[PROVIDED INFORMATION — start]
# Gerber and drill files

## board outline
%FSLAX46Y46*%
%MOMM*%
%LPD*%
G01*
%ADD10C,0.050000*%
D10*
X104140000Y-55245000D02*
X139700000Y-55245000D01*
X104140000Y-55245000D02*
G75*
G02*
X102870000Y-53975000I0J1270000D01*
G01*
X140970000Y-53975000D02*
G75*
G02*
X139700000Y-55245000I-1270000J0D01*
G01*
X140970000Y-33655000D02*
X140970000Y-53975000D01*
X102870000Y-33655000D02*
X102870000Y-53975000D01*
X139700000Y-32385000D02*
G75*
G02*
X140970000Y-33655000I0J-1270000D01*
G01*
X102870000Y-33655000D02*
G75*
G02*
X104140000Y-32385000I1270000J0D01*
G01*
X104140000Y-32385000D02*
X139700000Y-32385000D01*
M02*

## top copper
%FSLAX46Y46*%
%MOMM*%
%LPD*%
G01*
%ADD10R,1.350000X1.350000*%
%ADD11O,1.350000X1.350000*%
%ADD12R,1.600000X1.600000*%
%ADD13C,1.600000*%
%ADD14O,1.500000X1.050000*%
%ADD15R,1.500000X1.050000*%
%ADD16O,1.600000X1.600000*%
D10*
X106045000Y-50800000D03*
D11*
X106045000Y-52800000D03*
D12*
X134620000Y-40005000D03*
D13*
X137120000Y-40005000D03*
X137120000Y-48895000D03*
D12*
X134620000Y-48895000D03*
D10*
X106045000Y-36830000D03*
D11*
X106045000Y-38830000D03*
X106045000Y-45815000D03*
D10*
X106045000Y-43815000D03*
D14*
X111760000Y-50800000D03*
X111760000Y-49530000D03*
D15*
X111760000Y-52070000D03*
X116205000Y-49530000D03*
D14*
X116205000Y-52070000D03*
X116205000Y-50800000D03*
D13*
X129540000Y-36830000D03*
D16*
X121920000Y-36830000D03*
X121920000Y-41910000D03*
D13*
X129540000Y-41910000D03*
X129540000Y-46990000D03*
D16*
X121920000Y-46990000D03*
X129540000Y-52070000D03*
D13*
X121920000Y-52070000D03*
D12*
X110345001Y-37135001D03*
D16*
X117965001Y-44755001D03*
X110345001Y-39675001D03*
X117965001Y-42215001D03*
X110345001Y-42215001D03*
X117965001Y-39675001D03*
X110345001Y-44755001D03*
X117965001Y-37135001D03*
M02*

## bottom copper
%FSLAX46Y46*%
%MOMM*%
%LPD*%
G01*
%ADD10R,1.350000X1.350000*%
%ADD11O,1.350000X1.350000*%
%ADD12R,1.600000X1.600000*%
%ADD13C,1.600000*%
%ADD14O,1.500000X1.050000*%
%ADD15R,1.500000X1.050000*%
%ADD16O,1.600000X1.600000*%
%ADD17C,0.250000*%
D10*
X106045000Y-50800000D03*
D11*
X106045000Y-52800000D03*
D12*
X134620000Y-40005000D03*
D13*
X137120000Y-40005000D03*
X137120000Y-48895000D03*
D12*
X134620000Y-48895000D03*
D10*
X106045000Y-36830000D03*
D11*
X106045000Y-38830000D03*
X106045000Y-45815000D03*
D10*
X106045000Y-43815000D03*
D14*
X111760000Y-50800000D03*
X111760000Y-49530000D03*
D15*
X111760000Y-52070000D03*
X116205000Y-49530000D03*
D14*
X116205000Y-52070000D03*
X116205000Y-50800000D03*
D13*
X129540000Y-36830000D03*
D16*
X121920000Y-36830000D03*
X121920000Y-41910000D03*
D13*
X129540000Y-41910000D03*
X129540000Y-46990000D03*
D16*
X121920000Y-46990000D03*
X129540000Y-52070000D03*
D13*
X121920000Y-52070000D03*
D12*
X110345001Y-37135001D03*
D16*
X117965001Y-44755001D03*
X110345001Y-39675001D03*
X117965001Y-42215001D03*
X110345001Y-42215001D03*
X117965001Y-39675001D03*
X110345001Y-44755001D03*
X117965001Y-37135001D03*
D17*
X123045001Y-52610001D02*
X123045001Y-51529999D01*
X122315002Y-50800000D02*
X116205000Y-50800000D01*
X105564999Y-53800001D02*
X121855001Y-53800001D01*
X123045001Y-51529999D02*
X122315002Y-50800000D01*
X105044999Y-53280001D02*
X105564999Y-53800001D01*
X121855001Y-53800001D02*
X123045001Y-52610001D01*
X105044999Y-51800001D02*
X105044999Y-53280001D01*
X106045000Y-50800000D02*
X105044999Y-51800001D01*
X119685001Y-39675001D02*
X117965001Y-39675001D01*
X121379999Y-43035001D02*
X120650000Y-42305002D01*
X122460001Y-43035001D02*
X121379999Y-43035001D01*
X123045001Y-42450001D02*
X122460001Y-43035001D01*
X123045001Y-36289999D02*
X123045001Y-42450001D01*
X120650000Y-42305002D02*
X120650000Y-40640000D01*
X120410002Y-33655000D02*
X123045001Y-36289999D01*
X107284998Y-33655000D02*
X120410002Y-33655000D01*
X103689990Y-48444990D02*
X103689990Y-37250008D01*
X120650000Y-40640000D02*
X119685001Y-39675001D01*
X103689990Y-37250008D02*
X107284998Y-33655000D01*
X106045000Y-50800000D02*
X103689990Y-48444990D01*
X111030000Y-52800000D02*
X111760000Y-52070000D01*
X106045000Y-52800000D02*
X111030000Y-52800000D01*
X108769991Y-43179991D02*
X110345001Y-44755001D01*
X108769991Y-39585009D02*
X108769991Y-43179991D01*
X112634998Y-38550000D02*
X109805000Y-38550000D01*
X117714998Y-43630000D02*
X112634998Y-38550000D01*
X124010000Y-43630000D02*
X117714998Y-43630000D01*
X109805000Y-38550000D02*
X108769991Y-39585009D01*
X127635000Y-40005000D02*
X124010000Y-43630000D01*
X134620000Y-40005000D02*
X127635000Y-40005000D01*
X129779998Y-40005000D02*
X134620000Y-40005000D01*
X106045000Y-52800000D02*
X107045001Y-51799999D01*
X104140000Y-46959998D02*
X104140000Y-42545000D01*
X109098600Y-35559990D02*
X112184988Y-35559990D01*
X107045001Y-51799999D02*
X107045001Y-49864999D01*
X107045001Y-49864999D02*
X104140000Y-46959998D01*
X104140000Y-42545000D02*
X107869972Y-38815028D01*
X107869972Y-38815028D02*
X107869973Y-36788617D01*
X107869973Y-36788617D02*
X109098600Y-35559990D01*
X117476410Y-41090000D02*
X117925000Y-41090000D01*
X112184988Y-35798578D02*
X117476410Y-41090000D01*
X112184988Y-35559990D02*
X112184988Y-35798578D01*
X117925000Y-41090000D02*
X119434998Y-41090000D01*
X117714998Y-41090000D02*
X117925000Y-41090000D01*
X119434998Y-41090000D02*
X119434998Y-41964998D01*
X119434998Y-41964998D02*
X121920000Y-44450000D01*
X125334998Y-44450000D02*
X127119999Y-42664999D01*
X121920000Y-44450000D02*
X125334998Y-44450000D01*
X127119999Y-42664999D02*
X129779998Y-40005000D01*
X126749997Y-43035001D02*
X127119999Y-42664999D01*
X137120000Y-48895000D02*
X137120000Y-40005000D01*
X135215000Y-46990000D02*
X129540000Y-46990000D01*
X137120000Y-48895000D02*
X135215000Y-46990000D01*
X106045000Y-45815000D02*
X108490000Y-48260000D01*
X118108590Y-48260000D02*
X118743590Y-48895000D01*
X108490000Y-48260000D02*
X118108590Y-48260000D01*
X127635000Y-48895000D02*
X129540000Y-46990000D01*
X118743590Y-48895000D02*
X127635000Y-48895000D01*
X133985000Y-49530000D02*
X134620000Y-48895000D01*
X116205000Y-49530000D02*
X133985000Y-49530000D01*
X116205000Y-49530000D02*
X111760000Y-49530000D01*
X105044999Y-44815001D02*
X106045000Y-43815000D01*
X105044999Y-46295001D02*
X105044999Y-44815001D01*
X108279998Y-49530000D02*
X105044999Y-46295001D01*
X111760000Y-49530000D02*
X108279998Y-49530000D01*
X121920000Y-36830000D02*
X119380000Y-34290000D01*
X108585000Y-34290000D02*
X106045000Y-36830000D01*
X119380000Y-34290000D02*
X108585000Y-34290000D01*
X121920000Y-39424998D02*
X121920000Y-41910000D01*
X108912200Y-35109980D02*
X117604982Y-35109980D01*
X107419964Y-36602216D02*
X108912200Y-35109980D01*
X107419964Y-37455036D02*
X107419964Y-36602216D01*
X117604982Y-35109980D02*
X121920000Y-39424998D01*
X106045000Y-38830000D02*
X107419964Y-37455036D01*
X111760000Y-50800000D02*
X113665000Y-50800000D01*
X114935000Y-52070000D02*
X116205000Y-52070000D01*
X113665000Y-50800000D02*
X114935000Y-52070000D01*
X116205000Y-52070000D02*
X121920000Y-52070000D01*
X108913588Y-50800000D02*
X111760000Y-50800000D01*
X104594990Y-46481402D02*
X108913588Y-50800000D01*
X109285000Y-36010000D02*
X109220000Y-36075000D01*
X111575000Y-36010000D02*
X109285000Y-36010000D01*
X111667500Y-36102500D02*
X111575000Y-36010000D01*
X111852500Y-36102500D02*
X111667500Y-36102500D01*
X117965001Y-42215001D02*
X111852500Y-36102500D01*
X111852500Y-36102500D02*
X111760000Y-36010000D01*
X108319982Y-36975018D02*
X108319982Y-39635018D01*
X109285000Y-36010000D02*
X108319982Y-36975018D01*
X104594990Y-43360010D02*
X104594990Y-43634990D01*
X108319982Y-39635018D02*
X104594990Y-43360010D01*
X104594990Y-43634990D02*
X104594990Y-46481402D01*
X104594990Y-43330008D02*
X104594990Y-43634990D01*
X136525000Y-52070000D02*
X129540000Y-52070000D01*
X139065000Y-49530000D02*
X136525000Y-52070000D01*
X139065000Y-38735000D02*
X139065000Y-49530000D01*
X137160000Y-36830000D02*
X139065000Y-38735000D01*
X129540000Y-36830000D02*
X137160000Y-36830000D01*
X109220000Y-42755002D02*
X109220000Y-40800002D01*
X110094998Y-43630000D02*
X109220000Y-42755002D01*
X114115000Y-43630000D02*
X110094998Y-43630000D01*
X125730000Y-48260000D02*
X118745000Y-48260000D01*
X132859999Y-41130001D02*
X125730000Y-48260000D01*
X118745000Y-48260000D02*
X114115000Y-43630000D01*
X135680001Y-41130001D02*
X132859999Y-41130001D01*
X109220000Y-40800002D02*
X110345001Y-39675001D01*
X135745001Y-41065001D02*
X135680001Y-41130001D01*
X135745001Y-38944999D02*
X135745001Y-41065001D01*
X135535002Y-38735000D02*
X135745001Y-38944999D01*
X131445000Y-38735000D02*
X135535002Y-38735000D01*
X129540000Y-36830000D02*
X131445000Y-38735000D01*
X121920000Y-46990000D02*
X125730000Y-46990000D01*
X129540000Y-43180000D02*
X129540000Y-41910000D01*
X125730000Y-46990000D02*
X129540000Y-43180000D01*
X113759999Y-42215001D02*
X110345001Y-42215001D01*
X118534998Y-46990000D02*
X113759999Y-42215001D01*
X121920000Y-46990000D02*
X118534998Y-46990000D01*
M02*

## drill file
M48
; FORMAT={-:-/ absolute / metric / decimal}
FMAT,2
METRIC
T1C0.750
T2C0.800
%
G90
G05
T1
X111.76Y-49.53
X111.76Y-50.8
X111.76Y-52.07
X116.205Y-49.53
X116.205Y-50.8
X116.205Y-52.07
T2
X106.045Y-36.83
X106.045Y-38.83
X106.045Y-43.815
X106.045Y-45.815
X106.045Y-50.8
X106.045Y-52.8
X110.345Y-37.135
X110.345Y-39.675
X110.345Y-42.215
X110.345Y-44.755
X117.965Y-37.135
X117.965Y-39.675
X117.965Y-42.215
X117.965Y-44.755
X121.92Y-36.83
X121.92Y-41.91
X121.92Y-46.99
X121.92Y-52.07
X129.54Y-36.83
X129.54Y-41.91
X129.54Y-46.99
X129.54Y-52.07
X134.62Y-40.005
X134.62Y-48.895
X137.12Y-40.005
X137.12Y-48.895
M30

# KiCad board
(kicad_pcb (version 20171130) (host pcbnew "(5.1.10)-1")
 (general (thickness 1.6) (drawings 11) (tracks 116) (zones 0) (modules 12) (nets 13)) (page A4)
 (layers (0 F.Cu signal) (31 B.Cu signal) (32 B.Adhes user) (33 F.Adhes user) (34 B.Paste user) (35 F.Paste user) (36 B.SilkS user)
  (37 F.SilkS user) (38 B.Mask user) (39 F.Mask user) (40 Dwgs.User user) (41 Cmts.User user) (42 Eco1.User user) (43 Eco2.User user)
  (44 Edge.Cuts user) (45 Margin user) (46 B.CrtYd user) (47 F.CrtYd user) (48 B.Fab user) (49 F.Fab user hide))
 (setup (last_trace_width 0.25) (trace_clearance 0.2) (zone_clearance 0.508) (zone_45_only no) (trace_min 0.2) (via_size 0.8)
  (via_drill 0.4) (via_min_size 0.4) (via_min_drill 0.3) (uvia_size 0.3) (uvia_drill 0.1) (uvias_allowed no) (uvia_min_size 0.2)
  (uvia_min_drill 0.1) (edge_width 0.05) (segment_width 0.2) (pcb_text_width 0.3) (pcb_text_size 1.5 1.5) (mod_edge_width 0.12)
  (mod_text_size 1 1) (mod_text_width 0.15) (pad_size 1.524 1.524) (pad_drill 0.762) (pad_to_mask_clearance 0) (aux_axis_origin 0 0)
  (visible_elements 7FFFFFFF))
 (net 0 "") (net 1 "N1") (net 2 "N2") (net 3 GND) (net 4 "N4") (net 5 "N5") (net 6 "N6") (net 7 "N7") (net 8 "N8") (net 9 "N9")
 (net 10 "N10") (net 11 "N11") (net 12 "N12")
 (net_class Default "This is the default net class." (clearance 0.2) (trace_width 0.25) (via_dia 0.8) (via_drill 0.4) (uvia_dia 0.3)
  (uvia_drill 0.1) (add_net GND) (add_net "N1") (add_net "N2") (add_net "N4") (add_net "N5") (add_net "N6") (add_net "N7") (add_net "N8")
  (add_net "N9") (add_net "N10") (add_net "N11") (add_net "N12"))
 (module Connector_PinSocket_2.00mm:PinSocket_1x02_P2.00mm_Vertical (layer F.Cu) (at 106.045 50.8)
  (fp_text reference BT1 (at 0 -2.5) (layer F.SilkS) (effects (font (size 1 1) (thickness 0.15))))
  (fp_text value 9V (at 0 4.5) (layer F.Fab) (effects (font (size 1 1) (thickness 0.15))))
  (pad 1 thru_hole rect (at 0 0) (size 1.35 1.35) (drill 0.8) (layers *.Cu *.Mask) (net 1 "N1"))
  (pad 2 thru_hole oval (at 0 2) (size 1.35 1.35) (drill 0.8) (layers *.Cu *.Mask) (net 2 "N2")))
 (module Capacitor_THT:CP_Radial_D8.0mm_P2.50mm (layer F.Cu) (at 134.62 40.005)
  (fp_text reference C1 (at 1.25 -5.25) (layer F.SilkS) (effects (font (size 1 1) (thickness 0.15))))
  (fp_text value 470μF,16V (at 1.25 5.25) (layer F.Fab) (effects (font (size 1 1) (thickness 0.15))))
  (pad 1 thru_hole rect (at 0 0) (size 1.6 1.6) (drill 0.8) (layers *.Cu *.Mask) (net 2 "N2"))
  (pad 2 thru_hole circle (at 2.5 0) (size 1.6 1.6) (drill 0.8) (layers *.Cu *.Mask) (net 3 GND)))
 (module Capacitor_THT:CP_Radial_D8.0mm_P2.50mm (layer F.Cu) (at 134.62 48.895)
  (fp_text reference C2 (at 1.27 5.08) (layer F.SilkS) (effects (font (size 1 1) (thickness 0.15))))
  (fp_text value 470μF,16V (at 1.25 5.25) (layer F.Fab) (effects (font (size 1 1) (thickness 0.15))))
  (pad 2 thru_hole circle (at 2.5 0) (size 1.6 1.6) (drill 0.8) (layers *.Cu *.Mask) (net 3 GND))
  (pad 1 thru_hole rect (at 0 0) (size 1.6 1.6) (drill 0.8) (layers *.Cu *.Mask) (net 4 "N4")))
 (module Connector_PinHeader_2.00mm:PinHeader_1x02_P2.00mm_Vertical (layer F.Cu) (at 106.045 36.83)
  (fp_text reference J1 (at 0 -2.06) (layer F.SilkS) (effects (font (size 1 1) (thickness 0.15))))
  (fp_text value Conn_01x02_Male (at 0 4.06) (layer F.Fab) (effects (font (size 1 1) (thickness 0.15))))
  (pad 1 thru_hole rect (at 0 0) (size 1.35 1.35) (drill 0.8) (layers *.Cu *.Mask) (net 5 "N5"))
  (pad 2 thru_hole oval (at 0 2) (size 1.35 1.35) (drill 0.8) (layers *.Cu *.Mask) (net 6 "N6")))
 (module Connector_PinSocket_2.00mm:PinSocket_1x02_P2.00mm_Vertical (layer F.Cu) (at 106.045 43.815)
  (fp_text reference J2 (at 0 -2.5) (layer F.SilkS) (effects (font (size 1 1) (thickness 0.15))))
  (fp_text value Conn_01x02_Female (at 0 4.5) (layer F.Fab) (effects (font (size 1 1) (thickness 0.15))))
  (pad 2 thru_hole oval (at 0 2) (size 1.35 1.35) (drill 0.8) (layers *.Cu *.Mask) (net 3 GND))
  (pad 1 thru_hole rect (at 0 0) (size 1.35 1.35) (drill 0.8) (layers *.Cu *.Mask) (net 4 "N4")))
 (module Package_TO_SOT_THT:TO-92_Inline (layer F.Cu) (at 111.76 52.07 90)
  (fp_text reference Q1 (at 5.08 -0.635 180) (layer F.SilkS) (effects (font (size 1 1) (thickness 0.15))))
[PROVIDED INFORMATION — finish]
* [ACTIVITY]
Whenever a line of the entries contains the string "user", copy that line.

* [ANSWER FOR THIS EXERCISE]
 (layers (0 F.Cu signal) (31 B.Cu signal) (32 B.Adhes user) (33 F.Adhes user) (34 B.Paste user) (35 F.Paste user) (36 B.SilkS user)
  (37 F.SilkS user) (38 B.Mask user) (39 F.Mask user) (40 Dwgs.User user) (41 Cmts.User user) (42 Eco1.User user) (43 Eco2.User user)
  (44 Edge.Cuts user) (45 Margin user) (46 B.CrtYd user) (47 F.CrtYd user) (48 B.Fab user) (49 F.Fab user hide))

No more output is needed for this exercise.